▶ [What you should do]: After finding the line with "(effects (font (size 0.78232" in the data below, set down exactly each line through the one with "smd roundrect (at", inclusive, and stop there.

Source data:
::::::::

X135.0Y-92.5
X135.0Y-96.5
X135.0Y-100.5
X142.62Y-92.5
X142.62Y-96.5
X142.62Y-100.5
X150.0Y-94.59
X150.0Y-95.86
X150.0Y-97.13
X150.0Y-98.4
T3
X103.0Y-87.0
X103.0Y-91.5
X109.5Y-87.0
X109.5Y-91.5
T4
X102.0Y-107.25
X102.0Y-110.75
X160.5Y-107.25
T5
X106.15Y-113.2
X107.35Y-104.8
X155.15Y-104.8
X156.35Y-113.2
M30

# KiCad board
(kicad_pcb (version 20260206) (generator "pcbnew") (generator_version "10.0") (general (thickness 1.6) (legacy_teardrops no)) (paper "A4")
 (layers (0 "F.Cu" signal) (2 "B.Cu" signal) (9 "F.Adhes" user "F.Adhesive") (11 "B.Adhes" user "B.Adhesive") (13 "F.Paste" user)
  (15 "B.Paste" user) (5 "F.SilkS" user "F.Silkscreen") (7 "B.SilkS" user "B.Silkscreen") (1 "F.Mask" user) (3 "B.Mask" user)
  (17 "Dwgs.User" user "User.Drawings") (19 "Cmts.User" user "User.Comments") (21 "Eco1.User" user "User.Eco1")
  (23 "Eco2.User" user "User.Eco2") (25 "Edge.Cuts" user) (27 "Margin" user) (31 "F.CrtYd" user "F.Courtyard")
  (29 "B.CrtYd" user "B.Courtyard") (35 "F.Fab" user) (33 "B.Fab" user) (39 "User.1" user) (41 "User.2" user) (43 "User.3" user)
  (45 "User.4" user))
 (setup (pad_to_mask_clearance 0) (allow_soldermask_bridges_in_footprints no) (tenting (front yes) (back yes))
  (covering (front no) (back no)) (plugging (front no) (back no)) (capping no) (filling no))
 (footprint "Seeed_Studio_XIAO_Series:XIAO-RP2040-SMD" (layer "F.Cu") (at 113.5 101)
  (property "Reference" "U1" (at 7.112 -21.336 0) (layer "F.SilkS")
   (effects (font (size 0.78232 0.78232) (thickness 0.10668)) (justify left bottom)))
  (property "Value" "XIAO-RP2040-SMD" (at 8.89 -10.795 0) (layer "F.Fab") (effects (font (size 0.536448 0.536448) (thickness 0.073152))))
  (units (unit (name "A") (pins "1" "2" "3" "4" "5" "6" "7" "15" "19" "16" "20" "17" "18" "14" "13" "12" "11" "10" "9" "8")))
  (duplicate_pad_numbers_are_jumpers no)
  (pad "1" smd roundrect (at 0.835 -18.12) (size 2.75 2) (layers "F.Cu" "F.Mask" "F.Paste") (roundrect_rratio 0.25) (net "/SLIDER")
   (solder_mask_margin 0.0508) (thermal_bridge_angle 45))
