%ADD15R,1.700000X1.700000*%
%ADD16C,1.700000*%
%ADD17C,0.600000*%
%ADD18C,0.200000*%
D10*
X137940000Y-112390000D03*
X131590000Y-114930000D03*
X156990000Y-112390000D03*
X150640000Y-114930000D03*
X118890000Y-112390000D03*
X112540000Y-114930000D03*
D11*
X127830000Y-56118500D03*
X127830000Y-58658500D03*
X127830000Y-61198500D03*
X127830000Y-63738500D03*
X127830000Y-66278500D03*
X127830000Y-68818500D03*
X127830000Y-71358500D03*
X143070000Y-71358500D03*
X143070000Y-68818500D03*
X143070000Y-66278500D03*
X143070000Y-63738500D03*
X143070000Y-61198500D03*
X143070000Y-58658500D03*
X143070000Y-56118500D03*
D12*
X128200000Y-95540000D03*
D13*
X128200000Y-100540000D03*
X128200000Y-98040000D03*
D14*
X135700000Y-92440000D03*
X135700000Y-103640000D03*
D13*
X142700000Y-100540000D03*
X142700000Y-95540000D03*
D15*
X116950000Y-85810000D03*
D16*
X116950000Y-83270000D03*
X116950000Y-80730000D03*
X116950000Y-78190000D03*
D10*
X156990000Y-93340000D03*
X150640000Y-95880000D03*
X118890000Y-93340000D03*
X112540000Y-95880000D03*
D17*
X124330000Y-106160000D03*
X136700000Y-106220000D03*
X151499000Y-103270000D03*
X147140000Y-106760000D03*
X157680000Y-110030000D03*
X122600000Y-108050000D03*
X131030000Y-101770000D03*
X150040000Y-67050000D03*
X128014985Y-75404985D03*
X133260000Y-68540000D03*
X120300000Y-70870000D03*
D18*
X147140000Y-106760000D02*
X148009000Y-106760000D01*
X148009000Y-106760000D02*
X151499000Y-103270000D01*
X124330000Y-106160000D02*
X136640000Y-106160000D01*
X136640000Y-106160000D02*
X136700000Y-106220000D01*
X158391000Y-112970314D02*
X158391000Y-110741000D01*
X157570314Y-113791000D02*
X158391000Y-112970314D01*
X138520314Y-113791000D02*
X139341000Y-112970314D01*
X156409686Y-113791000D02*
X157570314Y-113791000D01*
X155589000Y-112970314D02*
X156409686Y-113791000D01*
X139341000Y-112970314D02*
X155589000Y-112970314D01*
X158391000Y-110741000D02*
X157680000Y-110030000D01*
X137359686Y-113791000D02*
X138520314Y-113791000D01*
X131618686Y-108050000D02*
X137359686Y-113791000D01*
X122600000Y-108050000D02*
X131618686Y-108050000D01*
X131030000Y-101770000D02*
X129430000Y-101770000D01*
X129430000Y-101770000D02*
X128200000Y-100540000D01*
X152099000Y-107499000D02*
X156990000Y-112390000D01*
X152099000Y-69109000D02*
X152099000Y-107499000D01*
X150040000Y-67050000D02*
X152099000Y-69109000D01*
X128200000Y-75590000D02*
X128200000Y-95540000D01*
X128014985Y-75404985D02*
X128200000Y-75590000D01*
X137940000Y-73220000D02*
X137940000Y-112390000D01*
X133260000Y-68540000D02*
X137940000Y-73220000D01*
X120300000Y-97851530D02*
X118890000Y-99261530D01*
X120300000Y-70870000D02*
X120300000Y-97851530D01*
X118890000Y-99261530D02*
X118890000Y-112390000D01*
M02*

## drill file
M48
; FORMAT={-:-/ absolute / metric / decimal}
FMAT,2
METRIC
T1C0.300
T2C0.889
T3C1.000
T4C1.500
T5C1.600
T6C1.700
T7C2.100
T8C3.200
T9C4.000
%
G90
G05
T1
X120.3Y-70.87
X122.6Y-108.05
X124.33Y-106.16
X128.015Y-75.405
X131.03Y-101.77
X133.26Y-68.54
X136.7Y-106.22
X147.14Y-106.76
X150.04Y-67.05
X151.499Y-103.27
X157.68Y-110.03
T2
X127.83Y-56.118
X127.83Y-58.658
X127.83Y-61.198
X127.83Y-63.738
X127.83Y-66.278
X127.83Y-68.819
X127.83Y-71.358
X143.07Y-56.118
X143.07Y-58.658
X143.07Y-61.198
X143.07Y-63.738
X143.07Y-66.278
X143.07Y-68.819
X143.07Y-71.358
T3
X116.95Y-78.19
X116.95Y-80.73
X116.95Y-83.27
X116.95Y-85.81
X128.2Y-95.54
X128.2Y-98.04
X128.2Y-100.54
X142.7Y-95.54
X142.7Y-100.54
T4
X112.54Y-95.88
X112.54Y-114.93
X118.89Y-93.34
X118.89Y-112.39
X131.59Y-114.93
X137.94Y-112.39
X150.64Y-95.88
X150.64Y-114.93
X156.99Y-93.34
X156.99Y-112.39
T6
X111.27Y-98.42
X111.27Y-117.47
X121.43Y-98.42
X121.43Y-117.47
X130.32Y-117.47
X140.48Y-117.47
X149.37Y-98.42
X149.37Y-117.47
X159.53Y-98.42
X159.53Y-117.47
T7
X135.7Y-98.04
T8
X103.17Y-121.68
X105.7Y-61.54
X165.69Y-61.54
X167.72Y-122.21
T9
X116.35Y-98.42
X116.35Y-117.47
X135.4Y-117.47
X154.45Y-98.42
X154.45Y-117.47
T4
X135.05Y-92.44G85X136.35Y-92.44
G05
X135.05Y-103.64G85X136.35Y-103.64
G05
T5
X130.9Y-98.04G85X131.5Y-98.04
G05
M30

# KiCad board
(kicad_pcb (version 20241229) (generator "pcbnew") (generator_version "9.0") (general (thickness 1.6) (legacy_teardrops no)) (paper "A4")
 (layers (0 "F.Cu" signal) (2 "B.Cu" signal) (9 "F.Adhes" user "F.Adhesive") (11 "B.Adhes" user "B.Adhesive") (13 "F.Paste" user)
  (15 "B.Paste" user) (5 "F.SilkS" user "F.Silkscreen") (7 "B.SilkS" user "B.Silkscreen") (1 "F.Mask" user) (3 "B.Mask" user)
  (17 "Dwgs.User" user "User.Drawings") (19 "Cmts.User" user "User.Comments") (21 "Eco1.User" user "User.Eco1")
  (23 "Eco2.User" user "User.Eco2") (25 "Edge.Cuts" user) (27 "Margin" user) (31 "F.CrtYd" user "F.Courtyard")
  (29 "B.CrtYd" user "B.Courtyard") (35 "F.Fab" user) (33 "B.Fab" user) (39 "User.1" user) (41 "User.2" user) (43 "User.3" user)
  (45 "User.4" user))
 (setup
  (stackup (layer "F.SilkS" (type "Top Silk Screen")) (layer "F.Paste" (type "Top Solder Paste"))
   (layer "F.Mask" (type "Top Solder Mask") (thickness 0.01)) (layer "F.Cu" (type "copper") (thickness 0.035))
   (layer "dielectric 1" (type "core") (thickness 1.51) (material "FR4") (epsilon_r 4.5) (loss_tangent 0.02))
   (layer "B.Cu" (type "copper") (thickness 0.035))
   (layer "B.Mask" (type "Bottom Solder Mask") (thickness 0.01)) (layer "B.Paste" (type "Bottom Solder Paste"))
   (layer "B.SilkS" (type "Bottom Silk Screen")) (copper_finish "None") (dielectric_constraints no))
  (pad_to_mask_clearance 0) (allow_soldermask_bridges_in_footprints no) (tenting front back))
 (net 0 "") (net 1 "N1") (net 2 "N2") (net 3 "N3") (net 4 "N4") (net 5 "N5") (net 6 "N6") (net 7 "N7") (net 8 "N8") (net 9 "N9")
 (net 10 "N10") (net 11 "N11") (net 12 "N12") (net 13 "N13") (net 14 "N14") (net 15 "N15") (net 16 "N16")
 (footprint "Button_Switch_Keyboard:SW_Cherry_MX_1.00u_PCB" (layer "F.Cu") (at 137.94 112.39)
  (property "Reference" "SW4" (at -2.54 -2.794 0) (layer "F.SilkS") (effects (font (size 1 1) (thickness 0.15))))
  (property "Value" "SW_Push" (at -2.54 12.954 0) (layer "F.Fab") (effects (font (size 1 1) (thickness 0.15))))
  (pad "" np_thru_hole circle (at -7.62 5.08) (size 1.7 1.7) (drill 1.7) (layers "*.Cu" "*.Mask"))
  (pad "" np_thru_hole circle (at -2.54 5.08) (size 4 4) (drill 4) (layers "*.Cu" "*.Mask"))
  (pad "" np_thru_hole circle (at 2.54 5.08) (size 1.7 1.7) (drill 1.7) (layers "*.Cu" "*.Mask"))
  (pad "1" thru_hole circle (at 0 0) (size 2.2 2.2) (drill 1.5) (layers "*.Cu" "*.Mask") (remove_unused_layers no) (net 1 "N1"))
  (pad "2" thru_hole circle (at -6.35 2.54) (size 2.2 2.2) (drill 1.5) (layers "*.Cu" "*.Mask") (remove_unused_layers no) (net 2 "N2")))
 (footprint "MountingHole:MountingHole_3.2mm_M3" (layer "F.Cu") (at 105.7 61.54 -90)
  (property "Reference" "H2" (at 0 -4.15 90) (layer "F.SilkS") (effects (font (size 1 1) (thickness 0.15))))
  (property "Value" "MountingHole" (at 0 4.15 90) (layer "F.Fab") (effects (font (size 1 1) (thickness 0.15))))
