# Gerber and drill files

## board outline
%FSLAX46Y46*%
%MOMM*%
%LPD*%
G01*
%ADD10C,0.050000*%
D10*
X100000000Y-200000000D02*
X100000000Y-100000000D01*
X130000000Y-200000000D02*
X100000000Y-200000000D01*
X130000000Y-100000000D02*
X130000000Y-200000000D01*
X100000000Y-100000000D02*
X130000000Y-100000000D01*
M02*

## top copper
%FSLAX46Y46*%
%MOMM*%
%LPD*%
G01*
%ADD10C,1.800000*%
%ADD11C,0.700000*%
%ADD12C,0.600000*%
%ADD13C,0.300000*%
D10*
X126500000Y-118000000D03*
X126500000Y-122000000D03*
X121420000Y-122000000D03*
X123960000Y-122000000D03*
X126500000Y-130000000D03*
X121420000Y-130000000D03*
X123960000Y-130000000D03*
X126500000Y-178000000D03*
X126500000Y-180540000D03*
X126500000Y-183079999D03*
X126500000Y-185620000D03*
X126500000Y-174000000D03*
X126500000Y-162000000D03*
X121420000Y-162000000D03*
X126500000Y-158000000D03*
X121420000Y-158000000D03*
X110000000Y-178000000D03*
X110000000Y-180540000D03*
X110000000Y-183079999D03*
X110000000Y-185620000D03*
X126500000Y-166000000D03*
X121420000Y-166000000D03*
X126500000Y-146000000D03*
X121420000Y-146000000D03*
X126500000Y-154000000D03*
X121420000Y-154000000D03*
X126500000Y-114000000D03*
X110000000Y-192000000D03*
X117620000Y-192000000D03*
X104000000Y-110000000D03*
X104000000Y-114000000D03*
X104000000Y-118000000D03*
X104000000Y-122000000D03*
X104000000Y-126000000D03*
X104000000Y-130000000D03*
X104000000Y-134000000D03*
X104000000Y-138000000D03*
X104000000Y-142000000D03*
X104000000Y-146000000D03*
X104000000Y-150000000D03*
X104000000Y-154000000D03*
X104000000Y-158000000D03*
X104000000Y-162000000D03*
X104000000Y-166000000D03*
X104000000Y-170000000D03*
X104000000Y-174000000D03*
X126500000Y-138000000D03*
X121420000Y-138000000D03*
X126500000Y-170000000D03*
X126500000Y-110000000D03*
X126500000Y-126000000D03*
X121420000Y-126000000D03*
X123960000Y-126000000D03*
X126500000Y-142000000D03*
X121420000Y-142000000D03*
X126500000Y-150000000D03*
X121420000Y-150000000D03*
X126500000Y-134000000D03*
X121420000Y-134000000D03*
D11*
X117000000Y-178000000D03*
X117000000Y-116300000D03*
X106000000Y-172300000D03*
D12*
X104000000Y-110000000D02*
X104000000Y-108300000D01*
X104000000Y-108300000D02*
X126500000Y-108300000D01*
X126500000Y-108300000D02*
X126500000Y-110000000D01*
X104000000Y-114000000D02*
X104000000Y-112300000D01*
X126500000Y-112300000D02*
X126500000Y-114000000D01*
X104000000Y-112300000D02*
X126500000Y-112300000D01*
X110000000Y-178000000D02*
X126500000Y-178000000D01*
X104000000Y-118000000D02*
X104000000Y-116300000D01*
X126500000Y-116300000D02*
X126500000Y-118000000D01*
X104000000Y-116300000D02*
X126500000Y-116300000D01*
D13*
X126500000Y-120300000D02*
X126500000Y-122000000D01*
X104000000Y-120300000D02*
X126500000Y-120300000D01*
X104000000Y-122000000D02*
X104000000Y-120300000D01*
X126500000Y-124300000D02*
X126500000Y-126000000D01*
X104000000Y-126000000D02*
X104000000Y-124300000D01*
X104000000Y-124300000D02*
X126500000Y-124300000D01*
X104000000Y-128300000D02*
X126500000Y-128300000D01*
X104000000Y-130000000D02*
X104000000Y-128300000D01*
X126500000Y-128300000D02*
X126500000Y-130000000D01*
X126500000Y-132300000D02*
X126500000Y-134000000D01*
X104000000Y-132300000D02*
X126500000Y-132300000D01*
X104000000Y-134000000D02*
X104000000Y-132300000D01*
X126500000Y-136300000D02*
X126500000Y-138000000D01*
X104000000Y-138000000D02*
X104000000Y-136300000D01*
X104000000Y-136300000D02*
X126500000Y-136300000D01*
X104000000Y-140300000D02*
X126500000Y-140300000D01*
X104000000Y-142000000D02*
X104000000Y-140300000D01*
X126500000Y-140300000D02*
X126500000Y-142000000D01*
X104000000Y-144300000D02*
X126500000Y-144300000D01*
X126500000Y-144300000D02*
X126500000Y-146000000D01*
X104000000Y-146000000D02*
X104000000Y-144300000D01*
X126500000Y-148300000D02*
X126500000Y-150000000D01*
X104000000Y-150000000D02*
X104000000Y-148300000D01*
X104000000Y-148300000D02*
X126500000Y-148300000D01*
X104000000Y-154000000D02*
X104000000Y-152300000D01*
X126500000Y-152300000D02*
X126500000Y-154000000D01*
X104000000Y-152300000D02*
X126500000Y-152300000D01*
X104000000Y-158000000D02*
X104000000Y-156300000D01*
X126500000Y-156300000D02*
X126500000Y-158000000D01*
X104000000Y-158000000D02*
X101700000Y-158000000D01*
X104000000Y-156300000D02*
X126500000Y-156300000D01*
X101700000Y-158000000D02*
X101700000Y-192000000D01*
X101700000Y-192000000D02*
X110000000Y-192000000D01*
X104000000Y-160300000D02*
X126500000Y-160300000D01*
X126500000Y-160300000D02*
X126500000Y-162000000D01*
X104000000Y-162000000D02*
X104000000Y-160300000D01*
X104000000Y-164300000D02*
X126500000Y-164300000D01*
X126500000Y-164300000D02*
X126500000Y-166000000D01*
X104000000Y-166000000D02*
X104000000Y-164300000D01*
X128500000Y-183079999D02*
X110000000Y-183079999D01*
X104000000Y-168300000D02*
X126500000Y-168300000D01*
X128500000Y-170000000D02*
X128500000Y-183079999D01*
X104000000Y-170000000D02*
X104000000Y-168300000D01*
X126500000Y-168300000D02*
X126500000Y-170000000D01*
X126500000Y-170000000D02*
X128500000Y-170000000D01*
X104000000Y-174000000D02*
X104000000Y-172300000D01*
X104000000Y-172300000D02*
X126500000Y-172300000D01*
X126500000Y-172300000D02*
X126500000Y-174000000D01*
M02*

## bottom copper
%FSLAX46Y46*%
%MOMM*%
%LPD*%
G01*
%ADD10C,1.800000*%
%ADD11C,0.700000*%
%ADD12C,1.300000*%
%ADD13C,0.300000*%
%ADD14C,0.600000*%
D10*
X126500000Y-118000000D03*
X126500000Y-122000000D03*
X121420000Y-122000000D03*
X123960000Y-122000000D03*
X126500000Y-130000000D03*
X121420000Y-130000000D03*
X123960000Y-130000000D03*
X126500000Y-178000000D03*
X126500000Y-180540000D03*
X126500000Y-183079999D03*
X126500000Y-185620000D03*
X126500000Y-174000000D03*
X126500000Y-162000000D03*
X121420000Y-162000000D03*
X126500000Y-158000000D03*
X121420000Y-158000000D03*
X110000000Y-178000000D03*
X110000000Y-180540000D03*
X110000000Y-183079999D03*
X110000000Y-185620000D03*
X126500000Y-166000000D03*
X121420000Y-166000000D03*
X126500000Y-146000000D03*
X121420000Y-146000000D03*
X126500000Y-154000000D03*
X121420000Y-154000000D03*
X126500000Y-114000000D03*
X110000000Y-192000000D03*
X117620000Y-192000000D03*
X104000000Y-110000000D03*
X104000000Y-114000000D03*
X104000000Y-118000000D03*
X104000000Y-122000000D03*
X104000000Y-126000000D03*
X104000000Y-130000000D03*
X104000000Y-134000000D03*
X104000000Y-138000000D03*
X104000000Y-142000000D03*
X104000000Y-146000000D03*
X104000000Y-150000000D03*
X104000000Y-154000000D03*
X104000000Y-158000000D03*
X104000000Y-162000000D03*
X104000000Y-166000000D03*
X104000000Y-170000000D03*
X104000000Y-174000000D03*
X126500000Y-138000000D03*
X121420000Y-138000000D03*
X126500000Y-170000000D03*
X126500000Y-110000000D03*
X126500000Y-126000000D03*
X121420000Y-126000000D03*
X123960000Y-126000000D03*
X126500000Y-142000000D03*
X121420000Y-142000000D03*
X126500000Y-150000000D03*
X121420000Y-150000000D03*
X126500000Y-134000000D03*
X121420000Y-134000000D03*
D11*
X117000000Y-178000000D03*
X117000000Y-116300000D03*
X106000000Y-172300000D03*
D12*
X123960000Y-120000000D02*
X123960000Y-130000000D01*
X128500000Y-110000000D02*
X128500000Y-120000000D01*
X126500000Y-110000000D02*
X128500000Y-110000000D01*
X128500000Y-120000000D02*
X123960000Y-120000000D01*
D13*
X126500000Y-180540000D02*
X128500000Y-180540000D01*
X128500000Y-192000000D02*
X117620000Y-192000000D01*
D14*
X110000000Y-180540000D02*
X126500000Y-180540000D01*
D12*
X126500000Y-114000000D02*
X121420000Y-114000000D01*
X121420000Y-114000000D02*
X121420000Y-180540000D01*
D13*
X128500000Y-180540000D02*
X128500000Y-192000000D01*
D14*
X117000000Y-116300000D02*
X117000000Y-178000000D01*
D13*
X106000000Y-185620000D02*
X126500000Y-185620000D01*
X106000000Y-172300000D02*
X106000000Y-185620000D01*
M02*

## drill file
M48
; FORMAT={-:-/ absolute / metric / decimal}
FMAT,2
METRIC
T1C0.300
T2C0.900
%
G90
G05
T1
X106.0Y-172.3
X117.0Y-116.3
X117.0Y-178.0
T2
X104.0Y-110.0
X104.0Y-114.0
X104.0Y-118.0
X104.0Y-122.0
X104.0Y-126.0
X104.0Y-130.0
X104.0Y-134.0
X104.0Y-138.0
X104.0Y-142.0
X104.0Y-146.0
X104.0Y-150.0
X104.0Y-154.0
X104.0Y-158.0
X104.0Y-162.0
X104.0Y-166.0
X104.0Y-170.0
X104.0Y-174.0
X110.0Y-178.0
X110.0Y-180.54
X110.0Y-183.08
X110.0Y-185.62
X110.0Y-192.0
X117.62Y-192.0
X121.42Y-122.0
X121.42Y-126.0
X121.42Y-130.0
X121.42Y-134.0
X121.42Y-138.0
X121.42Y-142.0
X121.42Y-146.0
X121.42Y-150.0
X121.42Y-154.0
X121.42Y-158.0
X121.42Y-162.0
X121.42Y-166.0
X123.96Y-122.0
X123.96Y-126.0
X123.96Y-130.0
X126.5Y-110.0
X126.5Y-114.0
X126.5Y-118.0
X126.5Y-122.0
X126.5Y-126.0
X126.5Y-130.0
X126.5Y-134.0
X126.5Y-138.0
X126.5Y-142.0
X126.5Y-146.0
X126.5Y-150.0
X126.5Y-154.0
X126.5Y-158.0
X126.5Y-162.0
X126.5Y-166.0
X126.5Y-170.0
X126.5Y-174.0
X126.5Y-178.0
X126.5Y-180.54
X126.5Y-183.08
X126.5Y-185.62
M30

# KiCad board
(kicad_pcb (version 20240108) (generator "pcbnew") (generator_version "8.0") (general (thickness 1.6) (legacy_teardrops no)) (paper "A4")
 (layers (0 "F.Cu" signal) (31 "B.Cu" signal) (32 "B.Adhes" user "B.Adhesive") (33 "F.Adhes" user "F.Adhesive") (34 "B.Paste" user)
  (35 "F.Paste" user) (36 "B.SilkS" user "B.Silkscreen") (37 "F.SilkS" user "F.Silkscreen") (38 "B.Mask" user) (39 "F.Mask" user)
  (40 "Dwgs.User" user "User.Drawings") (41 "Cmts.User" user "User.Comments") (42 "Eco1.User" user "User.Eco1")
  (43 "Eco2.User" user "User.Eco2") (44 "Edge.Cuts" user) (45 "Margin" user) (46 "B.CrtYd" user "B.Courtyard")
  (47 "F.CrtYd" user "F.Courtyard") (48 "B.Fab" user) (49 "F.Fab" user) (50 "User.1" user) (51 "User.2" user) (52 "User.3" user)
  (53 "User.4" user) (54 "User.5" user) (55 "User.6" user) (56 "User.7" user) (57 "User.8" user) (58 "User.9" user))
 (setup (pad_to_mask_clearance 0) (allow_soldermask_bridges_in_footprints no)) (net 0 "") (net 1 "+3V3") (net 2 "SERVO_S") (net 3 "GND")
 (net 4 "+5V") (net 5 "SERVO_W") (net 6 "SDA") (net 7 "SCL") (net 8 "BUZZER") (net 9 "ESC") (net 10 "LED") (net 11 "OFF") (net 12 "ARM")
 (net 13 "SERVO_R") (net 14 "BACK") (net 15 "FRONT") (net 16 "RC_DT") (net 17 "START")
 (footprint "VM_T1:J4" (layer "F.Cu") (at 100 100)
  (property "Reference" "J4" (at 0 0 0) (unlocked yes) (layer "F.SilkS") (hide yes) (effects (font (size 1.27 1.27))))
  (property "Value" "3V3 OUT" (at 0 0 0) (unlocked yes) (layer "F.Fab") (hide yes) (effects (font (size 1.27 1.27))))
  (pad "1" thru_hole circle (at 26.5 18) (size 1.8 1.8) (drill 0.9) (layers "*.Cu" "*.Mask") (remove_unused_layers no) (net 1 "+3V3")))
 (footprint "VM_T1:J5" (layer "F.Cu") (at 100 100)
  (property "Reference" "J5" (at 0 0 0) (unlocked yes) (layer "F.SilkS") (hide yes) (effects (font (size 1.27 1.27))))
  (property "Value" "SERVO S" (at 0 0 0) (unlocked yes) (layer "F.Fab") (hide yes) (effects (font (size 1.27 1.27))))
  (pad "1" thru_hole circle (at 26.5 22) (size 1.8 1.8) (drill 0.9) (layers "*.Cu" "*.Mask") (remove_unused_layers no) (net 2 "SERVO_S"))
  (pad "2" thru_hole circle (at 21.42 22) (size 1.8 1.8) (drill 0.9) (layers "*.Cu" "*.Mask") (remove_unused_layers no) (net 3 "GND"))
  (pad "3" thru_hole circle (at 23.96 22) (size 1.8 1.8) (drill 0.9) (layers "*.Cu" "*.Mask") (remove_unused_layers no) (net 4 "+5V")))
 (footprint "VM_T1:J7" (layer "F.Cu") (at 100 100)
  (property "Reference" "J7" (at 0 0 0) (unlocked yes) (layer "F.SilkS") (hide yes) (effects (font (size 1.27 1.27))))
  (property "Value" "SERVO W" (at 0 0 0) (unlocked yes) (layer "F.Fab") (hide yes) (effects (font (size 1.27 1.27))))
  (pad "1" thru_hole circle (at 26.5 30) (size 1.8 1.8) (drill 0.9) (layers "*.Cu" "*.Mask") (remove_unused_layers no) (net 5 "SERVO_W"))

::::::::

▶ [The answer]:
   (effects (font (size 0.78232 0.78232) (thickness 0.10668)) (justify left bottom)))
  (property "Value" "XIAO-RP2040-SMD" (at 8.89 -10.795 0) (layer "F.Fab") (effects (font (size 0.536448 0.536448) (thickness 0.073152))))
  (units (unit (name "A") (pins "1" "2" "3" "4" "5" "6" "7" "15" "19" "16" "20" "17" "18" "14" "13" "12" "11" "10" "9" "8")))
  (duplicate_pad_numbers_are_jumpers no)
  (pad "1" smd roundrect (at 0.835 -18.12) (size 2.75 2) (layers "F.Cu" "F.Mask" "F.Paste") (roundrect_rratio 0.25) (net "/SLIDER")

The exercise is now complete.